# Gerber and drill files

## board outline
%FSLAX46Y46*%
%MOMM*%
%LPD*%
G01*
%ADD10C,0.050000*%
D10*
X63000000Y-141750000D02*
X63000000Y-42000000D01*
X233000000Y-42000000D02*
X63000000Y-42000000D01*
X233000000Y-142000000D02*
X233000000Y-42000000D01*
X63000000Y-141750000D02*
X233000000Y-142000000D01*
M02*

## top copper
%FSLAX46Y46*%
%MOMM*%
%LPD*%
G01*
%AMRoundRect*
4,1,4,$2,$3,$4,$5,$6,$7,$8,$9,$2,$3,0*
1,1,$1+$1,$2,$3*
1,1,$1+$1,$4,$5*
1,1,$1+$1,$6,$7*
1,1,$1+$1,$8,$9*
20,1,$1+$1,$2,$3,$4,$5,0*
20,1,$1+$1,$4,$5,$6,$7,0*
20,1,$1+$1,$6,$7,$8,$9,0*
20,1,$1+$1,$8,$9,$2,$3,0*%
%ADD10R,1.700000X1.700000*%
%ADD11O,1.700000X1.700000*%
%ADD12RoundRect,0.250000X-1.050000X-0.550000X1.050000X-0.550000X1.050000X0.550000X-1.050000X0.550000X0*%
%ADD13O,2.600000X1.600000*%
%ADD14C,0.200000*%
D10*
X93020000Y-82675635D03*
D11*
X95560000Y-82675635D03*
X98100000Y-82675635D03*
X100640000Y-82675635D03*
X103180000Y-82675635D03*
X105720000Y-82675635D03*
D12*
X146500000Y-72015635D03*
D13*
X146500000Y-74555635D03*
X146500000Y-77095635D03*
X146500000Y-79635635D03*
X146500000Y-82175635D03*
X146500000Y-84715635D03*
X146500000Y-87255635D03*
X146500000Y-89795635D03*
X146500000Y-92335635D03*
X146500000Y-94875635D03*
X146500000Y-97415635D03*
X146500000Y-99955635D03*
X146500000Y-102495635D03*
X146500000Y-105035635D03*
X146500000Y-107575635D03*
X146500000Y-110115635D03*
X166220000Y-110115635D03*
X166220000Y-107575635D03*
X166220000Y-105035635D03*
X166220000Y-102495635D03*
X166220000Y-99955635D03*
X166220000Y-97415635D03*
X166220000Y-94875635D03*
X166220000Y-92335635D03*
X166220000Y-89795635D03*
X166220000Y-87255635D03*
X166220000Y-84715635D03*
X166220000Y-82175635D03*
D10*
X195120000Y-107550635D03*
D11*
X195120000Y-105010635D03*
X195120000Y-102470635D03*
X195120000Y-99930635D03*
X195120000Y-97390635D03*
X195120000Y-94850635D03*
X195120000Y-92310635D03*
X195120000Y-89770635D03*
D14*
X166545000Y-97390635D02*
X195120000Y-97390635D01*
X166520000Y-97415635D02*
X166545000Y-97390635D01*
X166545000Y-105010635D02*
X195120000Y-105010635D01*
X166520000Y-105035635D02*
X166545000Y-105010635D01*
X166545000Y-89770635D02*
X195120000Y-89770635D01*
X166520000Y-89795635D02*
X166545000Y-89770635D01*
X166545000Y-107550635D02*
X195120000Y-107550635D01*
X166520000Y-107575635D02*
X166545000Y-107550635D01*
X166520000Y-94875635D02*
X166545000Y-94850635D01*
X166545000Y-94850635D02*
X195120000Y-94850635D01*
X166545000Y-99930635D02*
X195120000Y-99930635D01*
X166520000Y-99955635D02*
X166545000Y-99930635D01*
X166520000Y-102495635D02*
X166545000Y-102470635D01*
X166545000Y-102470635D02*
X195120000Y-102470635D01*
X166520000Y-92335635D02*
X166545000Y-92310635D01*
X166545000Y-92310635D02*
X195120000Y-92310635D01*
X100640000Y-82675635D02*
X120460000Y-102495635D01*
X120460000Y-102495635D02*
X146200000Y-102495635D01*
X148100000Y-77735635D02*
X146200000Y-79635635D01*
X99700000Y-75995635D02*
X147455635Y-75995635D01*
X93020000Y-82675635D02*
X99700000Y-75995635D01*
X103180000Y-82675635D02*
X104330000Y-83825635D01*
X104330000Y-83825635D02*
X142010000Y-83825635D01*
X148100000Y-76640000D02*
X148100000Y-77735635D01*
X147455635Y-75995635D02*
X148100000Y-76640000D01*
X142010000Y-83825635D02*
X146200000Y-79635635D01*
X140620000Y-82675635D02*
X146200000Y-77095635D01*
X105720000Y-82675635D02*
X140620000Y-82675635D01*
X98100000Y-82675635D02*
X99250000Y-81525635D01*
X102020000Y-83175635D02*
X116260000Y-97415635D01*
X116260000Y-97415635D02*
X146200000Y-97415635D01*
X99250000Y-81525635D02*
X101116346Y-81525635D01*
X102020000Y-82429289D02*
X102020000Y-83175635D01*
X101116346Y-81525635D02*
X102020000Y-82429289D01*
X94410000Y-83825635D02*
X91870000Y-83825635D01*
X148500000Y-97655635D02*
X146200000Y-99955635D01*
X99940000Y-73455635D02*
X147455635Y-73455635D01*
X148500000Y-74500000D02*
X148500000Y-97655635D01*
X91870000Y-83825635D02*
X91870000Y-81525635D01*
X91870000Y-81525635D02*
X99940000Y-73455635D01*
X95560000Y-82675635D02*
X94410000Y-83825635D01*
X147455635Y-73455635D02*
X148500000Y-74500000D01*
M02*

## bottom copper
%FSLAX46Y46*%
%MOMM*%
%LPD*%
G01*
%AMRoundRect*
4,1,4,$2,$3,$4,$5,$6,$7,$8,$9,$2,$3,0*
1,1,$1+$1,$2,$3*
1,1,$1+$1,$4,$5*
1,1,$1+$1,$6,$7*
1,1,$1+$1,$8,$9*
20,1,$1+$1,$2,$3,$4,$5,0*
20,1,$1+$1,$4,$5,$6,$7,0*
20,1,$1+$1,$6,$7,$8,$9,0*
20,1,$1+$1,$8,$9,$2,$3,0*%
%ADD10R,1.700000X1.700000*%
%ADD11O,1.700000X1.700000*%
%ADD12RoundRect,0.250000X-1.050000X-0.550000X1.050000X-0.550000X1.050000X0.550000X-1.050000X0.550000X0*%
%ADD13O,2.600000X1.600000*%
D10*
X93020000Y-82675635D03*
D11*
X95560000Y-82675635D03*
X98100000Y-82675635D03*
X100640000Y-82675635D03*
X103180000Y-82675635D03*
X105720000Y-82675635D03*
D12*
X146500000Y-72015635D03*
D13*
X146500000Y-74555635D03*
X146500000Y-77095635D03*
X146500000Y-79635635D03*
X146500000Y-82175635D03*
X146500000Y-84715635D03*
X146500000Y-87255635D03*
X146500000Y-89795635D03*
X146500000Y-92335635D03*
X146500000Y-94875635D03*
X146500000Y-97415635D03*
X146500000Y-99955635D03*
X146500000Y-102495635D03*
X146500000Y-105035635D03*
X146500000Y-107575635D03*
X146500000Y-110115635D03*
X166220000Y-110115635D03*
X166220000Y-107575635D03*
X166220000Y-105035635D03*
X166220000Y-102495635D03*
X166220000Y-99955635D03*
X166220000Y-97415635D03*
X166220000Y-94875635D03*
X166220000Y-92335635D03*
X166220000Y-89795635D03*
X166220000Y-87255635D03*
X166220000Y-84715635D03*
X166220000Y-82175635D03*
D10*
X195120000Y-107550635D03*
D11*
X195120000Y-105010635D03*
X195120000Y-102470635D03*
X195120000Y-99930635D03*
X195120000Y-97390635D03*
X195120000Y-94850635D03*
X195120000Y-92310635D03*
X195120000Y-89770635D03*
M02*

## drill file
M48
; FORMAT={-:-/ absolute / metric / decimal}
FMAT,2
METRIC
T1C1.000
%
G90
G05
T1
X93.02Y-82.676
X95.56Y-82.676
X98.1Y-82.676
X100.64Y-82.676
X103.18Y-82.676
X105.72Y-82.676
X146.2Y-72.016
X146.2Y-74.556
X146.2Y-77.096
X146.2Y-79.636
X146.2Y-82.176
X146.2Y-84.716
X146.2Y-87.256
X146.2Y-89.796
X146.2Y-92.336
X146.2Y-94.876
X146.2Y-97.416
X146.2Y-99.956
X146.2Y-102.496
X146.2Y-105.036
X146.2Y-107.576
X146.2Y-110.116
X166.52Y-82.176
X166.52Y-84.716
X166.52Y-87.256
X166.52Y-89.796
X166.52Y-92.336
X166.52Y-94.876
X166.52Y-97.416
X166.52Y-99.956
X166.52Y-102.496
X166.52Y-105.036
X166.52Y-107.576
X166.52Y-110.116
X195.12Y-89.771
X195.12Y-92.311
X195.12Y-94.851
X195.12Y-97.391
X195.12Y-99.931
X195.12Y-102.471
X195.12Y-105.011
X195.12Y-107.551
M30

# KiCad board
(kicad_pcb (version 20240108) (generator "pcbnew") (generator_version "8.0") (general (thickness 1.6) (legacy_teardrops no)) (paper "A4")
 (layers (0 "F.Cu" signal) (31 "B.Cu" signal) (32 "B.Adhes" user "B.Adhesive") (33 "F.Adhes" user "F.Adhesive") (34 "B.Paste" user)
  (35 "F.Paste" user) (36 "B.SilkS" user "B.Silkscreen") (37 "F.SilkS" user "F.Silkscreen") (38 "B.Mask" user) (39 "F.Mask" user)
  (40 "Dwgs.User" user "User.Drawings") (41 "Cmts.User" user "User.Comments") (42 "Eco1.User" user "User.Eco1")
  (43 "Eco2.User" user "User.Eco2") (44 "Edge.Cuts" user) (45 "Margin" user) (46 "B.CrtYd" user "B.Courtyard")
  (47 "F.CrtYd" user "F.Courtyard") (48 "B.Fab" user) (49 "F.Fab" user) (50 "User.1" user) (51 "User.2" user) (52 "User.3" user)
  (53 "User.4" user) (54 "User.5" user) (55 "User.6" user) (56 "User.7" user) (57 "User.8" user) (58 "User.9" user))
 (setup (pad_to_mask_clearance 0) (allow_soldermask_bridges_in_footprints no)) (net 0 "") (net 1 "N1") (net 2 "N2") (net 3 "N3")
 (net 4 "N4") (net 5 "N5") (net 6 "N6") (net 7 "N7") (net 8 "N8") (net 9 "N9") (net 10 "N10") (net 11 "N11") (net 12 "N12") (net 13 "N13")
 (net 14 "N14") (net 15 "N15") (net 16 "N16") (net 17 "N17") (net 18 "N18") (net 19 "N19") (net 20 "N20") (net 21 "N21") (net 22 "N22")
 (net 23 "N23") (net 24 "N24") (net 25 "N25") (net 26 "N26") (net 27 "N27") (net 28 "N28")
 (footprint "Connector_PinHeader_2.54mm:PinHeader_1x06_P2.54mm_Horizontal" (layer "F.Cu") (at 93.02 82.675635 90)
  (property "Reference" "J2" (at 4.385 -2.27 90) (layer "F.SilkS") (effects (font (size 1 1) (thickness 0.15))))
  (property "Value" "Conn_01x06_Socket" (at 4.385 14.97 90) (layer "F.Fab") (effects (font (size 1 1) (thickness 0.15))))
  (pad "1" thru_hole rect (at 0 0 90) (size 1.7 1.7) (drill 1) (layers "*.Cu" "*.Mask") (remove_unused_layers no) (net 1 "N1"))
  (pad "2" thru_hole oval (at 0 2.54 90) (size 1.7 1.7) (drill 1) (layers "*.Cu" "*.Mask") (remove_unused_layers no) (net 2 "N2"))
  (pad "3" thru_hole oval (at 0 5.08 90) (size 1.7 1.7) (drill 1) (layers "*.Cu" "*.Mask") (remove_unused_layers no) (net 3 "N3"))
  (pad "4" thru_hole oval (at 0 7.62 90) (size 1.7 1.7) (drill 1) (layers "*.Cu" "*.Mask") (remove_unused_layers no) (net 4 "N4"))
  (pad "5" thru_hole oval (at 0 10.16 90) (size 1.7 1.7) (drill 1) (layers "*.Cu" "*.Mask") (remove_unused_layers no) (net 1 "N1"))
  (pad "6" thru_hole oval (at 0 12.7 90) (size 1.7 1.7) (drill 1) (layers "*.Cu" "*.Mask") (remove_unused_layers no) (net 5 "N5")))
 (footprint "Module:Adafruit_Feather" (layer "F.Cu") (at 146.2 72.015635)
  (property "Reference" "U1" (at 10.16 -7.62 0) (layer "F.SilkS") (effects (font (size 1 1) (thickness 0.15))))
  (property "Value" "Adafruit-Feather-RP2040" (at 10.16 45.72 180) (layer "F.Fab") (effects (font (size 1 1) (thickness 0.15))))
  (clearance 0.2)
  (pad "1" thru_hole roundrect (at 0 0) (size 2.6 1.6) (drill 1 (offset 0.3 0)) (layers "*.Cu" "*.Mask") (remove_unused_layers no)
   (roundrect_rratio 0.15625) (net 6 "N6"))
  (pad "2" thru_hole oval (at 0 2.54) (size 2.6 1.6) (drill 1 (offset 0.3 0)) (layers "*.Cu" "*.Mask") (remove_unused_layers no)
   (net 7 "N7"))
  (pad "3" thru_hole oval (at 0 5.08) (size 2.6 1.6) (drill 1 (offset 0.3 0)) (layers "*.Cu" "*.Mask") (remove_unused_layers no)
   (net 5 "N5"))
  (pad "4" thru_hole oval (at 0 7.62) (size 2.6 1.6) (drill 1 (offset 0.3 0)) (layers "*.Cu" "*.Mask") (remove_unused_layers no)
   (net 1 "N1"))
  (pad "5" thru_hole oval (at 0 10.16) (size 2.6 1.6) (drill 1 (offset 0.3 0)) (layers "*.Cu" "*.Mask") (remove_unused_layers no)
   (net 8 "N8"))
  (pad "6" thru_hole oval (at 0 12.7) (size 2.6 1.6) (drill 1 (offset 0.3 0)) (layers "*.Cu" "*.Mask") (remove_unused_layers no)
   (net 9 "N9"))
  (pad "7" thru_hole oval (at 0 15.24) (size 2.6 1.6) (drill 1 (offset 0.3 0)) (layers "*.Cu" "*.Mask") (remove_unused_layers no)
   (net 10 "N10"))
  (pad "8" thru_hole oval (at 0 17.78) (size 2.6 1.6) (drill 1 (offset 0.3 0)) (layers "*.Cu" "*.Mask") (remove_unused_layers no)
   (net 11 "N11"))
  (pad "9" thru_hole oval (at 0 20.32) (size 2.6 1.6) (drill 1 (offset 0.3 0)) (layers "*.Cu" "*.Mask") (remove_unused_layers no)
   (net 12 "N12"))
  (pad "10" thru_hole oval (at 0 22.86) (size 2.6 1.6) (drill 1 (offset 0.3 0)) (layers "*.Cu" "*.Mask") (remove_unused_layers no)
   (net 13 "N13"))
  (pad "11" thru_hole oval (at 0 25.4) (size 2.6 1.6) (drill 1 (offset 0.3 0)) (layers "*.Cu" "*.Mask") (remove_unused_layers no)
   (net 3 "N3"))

**Exercise objective:** Reply with the number of lines in the data that include the string "Paste" and nothing else.

**Answer box:** 2